__Work instructions__: Your answer must consist of every line from the data below that includes the word "justify".

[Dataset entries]
::::::::::

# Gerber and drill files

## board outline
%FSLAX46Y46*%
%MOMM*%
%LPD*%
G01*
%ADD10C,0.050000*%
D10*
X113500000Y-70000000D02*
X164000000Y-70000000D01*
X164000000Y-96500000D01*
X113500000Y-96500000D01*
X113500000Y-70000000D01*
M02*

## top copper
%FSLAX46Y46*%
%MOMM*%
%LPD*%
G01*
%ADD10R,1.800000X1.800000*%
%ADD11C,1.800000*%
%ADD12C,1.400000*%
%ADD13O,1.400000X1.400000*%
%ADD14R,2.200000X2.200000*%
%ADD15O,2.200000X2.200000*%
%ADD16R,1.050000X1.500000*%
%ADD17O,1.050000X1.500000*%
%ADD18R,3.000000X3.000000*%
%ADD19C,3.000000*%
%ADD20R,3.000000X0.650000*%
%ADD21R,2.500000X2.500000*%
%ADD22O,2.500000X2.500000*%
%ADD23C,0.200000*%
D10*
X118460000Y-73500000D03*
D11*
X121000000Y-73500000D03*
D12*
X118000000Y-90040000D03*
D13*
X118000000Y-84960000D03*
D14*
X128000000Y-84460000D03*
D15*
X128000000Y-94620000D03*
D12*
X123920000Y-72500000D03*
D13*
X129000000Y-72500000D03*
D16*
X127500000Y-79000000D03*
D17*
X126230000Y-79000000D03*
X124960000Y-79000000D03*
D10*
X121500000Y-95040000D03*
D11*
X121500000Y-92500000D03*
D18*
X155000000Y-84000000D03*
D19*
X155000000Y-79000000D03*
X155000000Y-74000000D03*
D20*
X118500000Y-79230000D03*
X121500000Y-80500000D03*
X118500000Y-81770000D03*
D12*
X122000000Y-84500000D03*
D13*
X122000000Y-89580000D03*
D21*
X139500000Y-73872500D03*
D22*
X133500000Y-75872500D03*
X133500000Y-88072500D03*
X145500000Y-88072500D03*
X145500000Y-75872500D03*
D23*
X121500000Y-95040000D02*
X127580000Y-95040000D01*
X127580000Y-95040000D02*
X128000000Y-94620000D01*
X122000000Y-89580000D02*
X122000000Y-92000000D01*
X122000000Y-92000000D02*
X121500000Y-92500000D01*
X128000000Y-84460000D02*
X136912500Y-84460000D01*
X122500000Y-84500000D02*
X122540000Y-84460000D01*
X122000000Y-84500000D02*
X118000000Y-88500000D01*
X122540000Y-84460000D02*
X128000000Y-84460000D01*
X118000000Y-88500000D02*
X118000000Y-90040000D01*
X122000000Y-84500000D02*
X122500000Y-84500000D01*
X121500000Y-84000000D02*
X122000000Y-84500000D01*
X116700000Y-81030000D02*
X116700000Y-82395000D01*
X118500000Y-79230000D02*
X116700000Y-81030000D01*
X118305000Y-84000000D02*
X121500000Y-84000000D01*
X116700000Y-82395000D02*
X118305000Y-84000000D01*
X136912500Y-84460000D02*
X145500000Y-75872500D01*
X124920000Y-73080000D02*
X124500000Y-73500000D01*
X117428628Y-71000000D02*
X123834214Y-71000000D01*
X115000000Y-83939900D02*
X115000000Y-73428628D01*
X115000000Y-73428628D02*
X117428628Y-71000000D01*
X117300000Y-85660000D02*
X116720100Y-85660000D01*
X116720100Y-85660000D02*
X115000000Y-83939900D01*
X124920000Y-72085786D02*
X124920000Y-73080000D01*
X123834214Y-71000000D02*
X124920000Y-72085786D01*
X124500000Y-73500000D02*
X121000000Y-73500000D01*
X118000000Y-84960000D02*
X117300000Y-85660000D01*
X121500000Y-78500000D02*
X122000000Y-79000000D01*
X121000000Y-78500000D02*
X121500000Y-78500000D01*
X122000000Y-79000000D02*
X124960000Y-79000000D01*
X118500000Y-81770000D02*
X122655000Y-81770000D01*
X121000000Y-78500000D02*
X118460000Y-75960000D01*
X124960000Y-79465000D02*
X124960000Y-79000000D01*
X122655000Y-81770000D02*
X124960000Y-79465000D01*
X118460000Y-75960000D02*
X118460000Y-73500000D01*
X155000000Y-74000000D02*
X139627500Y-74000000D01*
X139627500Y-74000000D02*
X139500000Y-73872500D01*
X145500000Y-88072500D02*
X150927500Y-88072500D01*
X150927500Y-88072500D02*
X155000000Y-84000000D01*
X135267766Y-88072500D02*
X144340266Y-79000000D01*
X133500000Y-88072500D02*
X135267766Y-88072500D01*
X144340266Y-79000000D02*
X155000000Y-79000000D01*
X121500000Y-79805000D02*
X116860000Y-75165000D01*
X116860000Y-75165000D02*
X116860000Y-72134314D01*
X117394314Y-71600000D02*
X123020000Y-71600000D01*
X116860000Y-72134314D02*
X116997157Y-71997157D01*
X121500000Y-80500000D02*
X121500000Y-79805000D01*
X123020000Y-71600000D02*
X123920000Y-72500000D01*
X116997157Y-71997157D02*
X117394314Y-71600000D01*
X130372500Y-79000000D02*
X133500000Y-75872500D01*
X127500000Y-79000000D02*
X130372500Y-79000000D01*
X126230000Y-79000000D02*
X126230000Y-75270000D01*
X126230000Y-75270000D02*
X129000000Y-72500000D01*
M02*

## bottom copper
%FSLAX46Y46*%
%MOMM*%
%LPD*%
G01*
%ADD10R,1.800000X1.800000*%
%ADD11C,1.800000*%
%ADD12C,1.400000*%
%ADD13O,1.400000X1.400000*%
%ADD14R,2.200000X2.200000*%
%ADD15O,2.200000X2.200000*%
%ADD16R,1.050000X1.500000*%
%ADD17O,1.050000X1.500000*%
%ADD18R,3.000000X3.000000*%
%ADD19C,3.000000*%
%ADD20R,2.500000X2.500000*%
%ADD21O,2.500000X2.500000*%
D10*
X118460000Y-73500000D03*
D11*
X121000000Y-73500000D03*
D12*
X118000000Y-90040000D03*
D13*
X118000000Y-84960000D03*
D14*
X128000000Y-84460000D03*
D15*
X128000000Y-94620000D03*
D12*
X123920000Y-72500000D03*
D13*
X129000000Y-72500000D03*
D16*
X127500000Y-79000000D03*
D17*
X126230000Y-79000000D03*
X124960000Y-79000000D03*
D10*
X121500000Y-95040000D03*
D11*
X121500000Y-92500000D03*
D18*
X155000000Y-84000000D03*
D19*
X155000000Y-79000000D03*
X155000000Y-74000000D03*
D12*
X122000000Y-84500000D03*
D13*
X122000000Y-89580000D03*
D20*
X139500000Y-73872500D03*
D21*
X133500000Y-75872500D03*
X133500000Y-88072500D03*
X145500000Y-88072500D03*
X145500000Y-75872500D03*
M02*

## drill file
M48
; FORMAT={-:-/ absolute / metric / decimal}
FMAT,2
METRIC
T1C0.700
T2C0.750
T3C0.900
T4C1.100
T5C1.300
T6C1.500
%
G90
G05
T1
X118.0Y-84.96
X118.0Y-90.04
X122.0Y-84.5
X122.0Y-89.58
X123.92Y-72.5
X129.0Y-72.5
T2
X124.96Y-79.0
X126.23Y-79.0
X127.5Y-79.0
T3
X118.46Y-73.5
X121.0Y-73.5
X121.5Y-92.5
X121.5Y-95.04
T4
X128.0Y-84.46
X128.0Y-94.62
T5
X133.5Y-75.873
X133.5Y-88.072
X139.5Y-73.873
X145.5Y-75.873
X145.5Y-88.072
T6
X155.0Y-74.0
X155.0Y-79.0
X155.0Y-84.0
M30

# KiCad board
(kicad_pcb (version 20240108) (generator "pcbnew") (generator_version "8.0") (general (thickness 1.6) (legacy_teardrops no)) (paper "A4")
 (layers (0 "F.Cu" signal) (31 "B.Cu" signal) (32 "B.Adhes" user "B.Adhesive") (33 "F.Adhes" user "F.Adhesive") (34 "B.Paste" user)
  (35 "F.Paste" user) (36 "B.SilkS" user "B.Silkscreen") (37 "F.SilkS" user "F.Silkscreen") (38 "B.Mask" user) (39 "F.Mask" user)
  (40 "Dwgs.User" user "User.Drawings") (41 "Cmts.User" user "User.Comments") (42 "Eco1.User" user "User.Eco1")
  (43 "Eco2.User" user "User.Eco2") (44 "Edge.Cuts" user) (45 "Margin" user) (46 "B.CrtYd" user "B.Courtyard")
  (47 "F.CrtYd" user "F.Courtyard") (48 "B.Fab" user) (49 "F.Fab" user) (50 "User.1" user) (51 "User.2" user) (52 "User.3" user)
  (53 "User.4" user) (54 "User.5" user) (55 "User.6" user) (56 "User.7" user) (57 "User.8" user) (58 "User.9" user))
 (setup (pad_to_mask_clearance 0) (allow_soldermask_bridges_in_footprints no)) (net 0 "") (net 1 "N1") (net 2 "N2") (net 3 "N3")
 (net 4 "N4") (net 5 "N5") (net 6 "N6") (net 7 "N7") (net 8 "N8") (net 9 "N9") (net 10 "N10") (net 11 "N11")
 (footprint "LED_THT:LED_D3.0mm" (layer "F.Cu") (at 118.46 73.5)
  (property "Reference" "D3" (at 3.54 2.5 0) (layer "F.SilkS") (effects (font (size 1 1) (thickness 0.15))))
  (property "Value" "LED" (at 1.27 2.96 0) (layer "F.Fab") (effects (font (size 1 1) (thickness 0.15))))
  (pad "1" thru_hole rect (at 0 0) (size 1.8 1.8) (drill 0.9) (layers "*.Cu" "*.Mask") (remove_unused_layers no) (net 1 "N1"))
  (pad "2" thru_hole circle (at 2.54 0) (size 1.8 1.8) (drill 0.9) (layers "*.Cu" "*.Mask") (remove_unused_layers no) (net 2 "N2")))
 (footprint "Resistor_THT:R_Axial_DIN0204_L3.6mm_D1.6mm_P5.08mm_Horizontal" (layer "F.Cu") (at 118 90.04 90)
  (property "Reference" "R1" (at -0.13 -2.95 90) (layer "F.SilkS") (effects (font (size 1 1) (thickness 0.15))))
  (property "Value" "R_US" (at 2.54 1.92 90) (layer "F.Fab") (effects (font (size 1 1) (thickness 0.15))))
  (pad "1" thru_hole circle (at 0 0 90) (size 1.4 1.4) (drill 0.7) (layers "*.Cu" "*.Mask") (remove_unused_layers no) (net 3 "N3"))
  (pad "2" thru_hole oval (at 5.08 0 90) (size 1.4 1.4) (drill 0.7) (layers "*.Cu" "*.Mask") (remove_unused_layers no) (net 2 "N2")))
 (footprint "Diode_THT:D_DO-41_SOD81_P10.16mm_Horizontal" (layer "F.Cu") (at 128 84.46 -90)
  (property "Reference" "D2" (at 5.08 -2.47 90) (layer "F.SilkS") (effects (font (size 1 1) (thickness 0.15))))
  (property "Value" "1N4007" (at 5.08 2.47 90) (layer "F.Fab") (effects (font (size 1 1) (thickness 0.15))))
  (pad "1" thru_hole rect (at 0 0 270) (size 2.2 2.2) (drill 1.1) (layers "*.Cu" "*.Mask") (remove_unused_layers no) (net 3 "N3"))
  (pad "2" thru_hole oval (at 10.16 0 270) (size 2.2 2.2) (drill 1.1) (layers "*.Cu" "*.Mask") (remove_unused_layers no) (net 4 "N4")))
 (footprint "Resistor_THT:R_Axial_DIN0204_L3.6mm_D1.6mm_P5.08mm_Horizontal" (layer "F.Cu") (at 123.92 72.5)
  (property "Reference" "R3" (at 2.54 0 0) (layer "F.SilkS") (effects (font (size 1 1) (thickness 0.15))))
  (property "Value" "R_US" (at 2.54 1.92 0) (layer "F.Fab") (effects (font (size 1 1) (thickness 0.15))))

::::::::::

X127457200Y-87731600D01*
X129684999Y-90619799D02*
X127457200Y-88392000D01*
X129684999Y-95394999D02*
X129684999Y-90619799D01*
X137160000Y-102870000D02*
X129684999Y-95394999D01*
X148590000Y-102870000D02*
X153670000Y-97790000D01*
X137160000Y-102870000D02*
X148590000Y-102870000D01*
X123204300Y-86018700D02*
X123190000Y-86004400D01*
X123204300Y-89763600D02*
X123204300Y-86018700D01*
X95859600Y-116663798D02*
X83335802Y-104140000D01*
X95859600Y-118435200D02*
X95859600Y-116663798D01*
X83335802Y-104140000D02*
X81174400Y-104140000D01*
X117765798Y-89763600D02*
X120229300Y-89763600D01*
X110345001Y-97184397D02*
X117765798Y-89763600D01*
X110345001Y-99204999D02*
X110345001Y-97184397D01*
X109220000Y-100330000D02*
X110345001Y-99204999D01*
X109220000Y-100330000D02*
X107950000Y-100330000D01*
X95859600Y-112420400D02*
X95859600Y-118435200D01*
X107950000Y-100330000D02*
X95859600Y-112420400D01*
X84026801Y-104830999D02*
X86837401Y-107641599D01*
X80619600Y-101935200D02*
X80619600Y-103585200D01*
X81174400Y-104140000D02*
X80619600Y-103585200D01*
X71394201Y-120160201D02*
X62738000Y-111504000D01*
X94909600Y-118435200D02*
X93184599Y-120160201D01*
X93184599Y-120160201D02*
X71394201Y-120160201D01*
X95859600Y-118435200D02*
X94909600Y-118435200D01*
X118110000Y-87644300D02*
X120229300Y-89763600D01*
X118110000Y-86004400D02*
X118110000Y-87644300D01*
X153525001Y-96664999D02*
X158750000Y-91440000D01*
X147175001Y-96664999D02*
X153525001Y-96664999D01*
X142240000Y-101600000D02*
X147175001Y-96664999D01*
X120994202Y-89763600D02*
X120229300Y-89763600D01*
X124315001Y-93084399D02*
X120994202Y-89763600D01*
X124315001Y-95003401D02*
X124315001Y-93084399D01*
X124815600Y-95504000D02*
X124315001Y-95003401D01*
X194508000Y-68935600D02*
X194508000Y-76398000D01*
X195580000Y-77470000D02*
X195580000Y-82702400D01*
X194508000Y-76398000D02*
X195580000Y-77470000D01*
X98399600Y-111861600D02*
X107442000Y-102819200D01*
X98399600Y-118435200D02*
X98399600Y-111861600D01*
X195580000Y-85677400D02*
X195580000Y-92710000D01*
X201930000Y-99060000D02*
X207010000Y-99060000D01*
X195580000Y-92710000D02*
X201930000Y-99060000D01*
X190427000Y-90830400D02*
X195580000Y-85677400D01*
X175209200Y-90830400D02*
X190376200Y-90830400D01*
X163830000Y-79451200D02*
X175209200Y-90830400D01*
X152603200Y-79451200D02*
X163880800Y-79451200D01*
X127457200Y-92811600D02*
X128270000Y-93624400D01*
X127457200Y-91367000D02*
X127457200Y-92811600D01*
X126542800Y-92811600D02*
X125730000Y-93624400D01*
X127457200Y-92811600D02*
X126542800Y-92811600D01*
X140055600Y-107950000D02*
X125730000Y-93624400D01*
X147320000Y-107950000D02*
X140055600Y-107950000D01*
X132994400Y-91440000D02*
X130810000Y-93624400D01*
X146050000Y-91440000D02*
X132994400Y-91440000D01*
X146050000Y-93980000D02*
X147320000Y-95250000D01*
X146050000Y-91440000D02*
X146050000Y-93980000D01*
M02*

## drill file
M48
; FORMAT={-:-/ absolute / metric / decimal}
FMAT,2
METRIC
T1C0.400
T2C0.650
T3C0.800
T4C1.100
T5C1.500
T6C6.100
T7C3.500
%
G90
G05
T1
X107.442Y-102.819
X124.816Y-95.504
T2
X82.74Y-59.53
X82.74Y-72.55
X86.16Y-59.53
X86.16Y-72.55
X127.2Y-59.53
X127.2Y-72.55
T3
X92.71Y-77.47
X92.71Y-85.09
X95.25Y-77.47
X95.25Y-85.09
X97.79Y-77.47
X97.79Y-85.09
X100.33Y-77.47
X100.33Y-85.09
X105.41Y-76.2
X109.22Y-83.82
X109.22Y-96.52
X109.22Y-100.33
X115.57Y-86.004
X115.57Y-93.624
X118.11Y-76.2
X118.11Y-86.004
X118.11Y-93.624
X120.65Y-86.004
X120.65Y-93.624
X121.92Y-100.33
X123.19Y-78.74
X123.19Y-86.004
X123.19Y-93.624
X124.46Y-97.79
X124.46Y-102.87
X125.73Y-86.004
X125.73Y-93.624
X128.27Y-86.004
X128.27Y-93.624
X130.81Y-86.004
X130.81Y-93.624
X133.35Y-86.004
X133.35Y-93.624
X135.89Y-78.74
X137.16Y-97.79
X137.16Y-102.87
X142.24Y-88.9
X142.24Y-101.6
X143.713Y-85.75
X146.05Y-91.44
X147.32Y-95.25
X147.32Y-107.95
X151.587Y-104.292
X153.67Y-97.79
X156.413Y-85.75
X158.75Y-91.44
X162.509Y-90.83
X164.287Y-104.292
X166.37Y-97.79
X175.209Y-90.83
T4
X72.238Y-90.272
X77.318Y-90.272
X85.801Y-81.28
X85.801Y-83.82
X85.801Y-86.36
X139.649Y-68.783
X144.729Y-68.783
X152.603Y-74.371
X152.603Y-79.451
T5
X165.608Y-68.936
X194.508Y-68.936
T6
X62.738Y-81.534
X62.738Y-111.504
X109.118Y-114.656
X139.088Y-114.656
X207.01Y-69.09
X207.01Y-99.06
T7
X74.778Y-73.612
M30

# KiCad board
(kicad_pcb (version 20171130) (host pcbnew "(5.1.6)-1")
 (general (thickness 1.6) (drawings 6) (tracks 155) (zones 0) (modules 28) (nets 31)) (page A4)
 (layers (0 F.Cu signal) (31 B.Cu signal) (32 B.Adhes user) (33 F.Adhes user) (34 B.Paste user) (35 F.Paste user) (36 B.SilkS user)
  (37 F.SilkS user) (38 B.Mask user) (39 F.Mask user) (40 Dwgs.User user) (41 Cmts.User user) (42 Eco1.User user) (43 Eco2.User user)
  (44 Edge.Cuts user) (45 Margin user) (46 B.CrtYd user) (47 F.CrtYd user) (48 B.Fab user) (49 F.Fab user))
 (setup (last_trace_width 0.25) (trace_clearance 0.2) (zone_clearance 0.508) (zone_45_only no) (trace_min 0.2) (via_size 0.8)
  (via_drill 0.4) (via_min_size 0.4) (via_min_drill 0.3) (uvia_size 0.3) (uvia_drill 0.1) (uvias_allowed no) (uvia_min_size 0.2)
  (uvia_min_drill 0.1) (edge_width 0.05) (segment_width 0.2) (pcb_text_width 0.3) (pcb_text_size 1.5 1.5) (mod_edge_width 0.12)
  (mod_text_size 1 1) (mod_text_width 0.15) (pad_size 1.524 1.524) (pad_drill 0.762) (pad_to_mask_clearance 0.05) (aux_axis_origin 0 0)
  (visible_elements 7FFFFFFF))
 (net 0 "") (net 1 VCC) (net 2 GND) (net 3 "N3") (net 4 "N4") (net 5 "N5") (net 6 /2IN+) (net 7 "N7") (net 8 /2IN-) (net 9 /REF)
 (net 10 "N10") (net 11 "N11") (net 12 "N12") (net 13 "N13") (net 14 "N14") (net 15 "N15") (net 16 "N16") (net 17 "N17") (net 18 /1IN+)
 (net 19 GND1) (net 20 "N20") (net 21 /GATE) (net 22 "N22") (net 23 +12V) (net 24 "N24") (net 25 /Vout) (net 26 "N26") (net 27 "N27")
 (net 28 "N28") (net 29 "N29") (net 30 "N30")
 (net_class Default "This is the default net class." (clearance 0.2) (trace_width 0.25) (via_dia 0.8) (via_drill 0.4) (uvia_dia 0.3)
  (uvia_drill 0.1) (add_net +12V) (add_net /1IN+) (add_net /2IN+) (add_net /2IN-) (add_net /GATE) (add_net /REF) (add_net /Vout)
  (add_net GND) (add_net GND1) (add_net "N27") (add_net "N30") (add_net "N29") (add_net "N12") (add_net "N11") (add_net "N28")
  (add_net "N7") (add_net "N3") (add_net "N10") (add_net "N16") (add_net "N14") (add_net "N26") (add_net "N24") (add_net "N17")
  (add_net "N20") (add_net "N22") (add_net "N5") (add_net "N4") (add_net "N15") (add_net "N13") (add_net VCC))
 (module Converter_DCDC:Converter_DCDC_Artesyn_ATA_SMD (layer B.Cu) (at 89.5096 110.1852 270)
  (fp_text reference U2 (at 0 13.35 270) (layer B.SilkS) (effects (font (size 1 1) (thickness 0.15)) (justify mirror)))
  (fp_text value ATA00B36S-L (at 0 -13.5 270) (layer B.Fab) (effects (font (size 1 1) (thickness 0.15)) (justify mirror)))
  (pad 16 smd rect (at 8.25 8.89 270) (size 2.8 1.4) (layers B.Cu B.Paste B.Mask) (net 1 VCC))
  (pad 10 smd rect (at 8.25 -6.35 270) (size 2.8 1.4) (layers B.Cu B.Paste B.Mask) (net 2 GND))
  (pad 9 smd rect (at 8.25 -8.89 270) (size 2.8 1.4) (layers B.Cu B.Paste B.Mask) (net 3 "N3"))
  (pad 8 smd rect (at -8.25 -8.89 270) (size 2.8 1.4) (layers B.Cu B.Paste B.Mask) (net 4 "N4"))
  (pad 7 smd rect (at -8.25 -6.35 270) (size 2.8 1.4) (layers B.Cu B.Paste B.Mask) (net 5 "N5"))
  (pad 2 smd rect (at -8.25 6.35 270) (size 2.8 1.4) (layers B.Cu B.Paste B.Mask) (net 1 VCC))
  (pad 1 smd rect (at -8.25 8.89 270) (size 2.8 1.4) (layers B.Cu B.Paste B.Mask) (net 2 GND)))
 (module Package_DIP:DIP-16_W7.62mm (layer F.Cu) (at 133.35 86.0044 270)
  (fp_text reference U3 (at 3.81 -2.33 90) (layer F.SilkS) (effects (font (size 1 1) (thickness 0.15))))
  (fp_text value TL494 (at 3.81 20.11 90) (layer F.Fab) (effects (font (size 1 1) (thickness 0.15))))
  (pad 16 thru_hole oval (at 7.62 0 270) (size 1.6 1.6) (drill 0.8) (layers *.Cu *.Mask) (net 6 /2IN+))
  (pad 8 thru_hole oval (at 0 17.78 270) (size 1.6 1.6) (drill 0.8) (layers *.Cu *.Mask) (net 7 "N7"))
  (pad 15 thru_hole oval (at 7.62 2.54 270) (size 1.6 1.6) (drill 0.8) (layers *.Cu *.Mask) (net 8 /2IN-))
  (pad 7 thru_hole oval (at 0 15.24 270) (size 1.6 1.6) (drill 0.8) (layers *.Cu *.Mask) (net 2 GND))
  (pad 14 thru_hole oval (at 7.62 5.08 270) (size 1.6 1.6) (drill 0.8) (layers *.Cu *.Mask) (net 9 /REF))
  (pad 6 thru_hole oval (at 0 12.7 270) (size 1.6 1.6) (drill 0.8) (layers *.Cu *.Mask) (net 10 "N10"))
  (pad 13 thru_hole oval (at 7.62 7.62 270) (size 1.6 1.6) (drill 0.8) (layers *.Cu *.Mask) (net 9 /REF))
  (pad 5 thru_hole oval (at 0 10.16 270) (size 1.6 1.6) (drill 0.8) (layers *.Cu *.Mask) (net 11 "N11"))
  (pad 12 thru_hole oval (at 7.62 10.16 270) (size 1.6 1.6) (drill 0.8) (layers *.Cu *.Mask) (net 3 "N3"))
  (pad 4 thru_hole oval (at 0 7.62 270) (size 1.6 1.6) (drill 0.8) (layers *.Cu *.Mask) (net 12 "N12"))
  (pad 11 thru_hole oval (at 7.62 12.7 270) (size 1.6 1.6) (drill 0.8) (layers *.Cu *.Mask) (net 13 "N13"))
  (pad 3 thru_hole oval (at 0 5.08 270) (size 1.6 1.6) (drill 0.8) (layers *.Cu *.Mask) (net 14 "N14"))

::::::::::

__Task result__:
  (fp_text reference U2 (at 0 13.35 270) (layer B.SilkS) (effects (font (size 1 1) (thickness 0.15)) (justify mirror)))
  (fp_text value ATA00B36S-L (at 0 -13.5 270) (layer B.Fab) (effects (font (size 1 1) (thickness 0.15)) (justify mirror)))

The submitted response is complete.